■ ASSIGNED TASK ■
The answer is a stretch of the material below, returned exactly: the line containing "X135.001Y-99.568", the line containing "(kicad_pcb (version 4) (host pcbnew 4.0.5)", and all lines between.

■ DATA FOR THIS TASK ■
========================================================================

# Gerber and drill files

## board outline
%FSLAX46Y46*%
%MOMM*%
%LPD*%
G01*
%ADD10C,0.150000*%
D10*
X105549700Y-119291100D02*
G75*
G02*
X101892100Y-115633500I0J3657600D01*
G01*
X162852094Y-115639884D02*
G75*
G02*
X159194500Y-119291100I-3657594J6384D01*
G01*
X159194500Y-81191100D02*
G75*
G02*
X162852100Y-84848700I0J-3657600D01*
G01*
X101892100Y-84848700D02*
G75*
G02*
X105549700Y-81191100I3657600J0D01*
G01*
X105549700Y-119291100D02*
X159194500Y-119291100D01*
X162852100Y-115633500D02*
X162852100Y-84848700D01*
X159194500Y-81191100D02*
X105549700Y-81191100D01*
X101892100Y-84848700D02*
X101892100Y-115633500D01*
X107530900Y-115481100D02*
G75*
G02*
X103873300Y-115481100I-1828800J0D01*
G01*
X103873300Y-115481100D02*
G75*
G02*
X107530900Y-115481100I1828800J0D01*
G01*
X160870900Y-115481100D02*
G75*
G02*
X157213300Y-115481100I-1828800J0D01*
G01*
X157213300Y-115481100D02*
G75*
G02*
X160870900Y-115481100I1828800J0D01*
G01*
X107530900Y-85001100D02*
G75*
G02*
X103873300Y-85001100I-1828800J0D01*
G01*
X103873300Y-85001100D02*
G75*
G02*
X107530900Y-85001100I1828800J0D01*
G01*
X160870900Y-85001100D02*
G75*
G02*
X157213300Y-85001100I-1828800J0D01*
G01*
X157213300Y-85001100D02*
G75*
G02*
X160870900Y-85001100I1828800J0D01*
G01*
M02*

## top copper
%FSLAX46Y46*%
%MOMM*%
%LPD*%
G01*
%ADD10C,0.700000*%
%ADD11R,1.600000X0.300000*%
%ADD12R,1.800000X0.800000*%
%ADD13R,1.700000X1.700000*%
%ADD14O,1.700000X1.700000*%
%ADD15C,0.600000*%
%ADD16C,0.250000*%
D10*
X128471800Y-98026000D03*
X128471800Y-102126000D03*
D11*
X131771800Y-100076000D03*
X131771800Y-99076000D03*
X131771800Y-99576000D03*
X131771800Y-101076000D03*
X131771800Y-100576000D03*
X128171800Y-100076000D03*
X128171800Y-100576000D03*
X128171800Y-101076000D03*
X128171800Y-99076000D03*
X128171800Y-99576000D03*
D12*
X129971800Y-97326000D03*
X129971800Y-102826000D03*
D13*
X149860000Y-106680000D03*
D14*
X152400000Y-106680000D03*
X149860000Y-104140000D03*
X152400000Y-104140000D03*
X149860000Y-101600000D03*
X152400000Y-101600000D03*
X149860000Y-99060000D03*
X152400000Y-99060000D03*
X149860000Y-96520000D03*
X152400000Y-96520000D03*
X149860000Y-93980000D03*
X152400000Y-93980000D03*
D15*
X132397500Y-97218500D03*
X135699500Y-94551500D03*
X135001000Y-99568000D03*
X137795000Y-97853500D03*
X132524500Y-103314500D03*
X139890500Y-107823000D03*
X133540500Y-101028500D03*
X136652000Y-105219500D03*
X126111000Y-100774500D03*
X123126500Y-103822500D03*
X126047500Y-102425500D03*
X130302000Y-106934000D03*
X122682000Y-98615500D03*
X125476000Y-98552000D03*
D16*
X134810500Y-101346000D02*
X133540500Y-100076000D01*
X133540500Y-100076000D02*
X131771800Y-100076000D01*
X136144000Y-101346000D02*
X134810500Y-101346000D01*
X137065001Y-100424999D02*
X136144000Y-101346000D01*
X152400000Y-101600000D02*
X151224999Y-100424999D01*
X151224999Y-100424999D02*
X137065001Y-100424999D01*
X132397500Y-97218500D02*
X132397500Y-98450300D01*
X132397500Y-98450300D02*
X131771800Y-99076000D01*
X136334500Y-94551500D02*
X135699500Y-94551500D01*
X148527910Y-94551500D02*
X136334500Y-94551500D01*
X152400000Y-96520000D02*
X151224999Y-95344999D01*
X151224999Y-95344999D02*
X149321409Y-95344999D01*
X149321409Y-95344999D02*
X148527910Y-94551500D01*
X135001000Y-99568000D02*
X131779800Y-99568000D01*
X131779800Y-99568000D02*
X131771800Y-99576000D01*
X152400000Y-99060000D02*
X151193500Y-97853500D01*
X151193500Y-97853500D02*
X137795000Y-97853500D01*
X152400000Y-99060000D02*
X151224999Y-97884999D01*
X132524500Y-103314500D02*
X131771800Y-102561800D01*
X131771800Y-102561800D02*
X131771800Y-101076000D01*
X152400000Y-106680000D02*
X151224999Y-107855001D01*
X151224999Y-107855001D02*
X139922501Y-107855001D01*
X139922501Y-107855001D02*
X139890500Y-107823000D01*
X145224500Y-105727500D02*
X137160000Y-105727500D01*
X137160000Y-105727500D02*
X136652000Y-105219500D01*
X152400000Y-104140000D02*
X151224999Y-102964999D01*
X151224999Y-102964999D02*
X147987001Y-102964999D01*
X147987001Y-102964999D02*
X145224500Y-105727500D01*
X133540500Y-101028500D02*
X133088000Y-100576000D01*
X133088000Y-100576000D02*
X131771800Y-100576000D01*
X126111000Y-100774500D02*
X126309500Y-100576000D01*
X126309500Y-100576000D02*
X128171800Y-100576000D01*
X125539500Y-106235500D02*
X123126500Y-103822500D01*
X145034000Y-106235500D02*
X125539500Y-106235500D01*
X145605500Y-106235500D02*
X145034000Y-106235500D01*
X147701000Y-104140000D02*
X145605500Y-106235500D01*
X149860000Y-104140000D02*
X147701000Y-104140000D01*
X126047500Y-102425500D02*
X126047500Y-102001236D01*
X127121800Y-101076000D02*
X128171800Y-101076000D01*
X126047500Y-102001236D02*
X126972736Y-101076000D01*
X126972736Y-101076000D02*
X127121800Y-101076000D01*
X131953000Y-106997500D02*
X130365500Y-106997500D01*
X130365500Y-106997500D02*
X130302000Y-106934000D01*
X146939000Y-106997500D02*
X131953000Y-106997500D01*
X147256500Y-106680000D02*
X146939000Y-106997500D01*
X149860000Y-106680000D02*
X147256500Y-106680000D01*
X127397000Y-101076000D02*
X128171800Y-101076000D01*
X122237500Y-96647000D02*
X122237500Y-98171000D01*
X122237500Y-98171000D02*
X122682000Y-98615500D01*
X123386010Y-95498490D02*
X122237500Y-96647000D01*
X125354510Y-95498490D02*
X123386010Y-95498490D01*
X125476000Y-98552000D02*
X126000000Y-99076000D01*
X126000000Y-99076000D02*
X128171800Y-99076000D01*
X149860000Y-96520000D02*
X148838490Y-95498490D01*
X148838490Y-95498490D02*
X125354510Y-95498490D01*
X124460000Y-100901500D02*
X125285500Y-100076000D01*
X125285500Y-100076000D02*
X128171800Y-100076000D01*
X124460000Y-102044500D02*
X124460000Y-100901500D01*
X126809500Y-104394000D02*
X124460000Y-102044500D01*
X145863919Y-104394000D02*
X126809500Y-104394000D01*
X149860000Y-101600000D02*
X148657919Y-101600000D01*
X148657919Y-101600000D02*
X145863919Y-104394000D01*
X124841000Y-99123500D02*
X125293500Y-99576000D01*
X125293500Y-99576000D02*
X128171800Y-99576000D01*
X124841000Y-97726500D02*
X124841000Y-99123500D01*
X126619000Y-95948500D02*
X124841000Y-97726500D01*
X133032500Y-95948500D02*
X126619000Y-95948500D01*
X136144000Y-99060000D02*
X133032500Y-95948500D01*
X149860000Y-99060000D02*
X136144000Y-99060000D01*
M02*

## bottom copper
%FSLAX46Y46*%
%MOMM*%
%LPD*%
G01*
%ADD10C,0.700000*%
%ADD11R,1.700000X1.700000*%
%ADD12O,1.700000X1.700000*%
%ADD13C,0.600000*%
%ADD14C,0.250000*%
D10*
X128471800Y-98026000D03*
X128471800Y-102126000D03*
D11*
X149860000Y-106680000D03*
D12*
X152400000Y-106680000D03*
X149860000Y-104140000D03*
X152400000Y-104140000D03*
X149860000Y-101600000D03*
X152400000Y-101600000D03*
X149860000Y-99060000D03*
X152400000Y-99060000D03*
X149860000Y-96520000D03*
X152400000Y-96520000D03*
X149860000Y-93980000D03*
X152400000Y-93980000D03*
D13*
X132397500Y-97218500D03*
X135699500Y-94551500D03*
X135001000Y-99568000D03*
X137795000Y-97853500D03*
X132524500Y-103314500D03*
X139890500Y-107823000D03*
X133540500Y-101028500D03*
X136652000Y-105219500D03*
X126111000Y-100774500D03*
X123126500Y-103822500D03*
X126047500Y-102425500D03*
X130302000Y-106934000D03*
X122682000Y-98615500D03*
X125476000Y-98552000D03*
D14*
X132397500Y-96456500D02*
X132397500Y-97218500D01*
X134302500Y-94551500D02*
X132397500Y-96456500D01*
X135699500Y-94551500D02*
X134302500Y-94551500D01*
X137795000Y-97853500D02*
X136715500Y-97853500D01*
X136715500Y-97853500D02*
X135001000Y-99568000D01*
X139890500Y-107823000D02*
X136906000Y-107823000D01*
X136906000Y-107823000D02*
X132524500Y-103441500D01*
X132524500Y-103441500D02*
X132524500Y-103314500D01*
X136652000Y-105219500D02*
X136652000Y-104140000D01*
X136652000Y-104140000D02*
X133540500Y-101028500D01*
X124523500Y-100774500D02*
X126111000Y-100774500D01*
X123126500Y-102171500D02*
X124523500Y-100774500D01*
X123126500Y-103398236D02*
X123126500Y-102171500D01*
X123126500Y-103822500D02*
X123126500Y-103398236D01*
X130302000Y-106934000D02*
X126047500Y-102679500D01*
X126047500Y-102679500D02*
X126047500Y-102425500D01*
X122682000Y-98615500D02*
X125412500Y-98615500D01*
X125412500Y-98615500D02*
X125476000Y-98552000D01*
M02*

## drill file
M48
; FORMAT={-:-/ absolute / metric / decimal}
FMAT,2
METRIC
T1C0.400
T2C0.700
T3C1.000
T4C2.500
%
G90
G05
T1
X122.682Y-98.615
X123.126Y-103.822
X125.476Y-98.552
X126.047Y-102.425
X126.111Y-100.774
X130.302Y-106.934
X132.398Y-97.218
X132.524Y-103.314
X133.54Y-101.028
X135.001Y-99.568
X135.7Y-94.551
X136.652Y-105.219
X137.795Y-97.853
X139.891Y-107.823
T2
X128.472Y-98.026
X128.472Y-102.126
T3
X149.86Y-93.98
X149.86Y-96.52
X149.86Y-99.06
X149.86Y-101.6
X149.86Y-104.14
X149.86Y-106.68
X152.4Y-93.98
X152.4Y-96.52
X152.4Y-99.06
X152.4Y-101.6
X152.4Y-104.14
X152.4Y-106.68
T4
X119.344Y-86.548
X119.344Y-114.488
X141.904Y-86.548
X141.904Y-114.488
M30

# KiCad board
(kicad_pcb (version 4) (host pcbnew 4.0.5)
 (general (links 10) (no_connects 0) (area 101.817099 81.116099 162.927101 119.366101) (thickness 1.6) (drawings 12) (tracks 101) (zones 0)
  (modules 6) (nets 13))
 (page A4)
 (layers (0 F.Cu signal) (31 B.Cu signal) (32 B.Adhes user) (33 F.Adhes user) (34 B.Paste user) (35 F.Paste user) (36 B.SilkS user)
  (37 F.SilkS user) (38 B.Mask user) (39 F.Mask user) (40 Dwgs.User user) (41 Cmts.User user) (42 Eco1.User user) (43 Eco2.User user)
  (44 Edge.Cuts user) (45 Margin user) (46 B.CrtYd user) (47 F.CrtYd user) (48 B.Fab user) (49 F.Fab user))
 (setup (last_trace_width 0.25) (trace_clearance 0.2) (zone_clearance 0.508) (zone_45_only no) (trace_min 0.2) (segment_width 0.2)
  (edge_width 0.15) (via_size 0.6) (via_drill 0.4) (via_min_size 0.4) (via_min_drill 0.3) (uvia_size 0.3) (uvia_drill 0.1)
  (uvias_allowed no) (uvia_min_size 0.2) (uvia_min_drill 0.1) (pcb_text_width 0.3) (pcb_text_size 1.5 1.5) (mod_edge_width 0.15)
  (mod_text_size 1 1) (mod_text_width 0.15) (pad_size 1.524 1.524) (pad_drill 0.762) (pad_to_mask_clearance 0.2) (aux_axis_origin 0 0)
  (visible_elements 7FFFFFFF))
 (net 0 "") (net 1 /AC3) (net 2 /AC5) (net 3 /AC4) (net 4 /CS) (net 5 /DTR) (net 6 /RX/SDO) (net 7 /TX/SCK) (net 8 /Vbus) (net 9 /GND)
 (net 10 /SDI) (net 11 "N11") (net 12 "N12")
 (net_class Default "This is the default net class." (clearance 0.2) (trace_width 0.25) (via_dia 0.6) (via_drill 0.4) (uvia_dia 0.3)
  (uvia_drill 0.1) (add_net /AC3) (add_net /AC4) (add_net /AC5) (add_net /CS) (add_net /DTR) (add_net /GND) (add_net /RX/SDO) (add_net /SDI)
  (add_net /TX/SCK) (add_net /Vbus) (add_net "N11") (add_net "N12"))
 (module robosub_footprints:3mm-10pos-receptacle (layer F.Cu) (at 129.9718 100.076 90)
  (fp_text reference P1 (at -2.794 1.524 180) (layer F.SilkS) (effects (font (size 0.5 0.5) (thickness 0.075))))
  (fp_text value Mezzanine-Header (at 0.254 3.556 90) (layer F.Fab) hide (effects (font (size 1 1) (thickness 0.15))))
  (pad "" thru_hole circle (at 2.05 -1.5 90) (size 0.7 0.7) (drill 0.7) (layers *.Cu *.Mask))
  (pad "" thru_hole circle (at -2.05 -1.5 90) (size 0.7 0.7) (drill 0.7) (layers *.Cu *.Mask))
  (pad 6 smd rect (at 0 1.8 90) (size 0.3 1.6) (layers F.Cu F.Paste F.Mask) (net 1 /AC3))
  (pad 10 smd rect (at 1 1.8 90) (size 0.3 1.6) (layers F.Cu F.Paste F.Mask) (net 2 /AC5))
  (pad 8 smd rect (at 0.5 1.8 90) (size 0.3 1.6) (layers F.Cu F.Paste F.Mask) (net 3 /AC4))
  (pad 2 smd rect (at -1 1.8 90) (size 0.3 1.6) (layers F.Cu F.Paste F.Mask) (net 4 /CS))
  (pad 4 smd rect (at -0.5 1.8 90) (size 0.3 1.6) (layers F.Cu F.Paste F.Mask) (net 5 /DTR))
  (pad 5 smd rect (at 0 -1.8 90) (size 0.3 1.6) (layers F.Cu F.Paste F.Mask) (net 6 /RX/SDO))
  (pad 3 smd rect (at -0.5 -1.8 90) (size 0.3 1.6) (layers F.Cu F.Paste F.Mask) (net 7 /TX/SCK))
  (pad 1 smd rect (at -1 -1.8 90) (size 0.3 1.6) (layers F.Cu F.Paste F.Mask) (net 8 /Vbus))
  (pad 9 smd rect (at 1 -1.8 90) (size 0.3 1.6) (layers F.Cu F.Paste F.Mask) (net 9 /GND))
  (pad 7 smd rect (at 0.5 -1.8 90) (size 0.3 1.6) (layers F.Cu F.Paste F.Mask) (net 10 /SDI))
  (pad "" smd rect (at 2.75 0 90) (size 0.8 1.8) (layers F.Cu F.Paste F.Mask))
  (pad "" smd rect (at -2.75 0 90) (size 0.8 1.8) (layers F.Cu F.Paste F.Mask)))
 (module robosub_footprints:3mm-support (layer F.Cu) (at 119.3442 86.548204)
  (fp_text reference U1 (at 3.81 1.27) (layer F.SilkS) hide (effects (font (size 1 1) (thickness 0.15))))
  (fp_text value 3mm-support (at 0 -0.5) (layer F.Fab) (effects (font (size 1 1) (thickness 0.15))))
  (pad "" np_thru_hole circle (at 0 0) (size 2.5 2.5) (drill 2.5) (layers *.Cu *.Mask)))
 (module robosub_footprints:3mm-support (layer F.Cu) (at 141.9042 86.548204)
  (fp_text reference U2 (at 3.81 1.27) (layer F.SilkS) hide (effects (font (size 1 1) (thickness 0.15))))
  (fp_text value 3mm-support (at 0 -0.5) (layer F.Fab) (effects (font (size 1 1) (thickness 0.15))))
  (pad "" np_thru_hole circle (at 0 0) (size 2.5 2.5) (drill 2.5) (layers *.Cu *.Mask)))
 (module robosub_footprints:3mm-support (layer F.Cu) (at 119.3442 114.488204)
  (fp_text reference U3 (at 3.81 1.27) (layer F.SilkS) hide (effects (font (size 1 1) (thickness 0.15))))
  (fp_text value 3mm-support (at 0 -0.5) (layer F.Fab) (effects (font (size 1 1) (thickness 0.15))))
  (pad "" np_thru_hole circle (at 0 0) (size 2.5 2.5) (drill 2.5) (layers *.Cu *.Mask)))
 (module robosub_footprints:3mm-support (layer F.Cu) (at 141.9042 114.488204)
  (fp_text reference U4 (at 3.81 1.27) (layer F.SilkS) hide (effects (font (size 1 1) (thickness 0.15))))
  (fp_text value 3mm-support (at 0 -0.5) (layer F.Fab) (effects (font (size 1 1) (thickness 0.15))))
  (pad "" np_thru_hole circle (at 0 0) (size 2.5 2.5) (drill 2.5) (layers *.Cu *.Mask)))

========================================================================

■ EXERCISE RESPONSE ■
X135.001Y-99.568
X135.7Y-94.551
X136.652Y-105.219
X137.795Y-97.853
X139.891Y-107.823
T2
X128.472Y-98.026
X128.472Y-102.126
T3
X149.86Y-93.98
X149.86Y-96.52
X149.86Y-99.06
X149.86Y-101.6
X149.86Y-104.14
X149.86Y-106.68
X152.4Y-93.98
X152.4Y-96.52
X152.4Y-99.06
X152.4Y-101.6
X152.4Y-104.14
X152.4Y-106.68
T4
X119.344Y-86.548
X119.344Y-114.488
X141.904Y-86.548
X141.904Y-114.488
M30

# KiCad board
(kicad_pcb (version 4) (host pcbnew 4.0.5)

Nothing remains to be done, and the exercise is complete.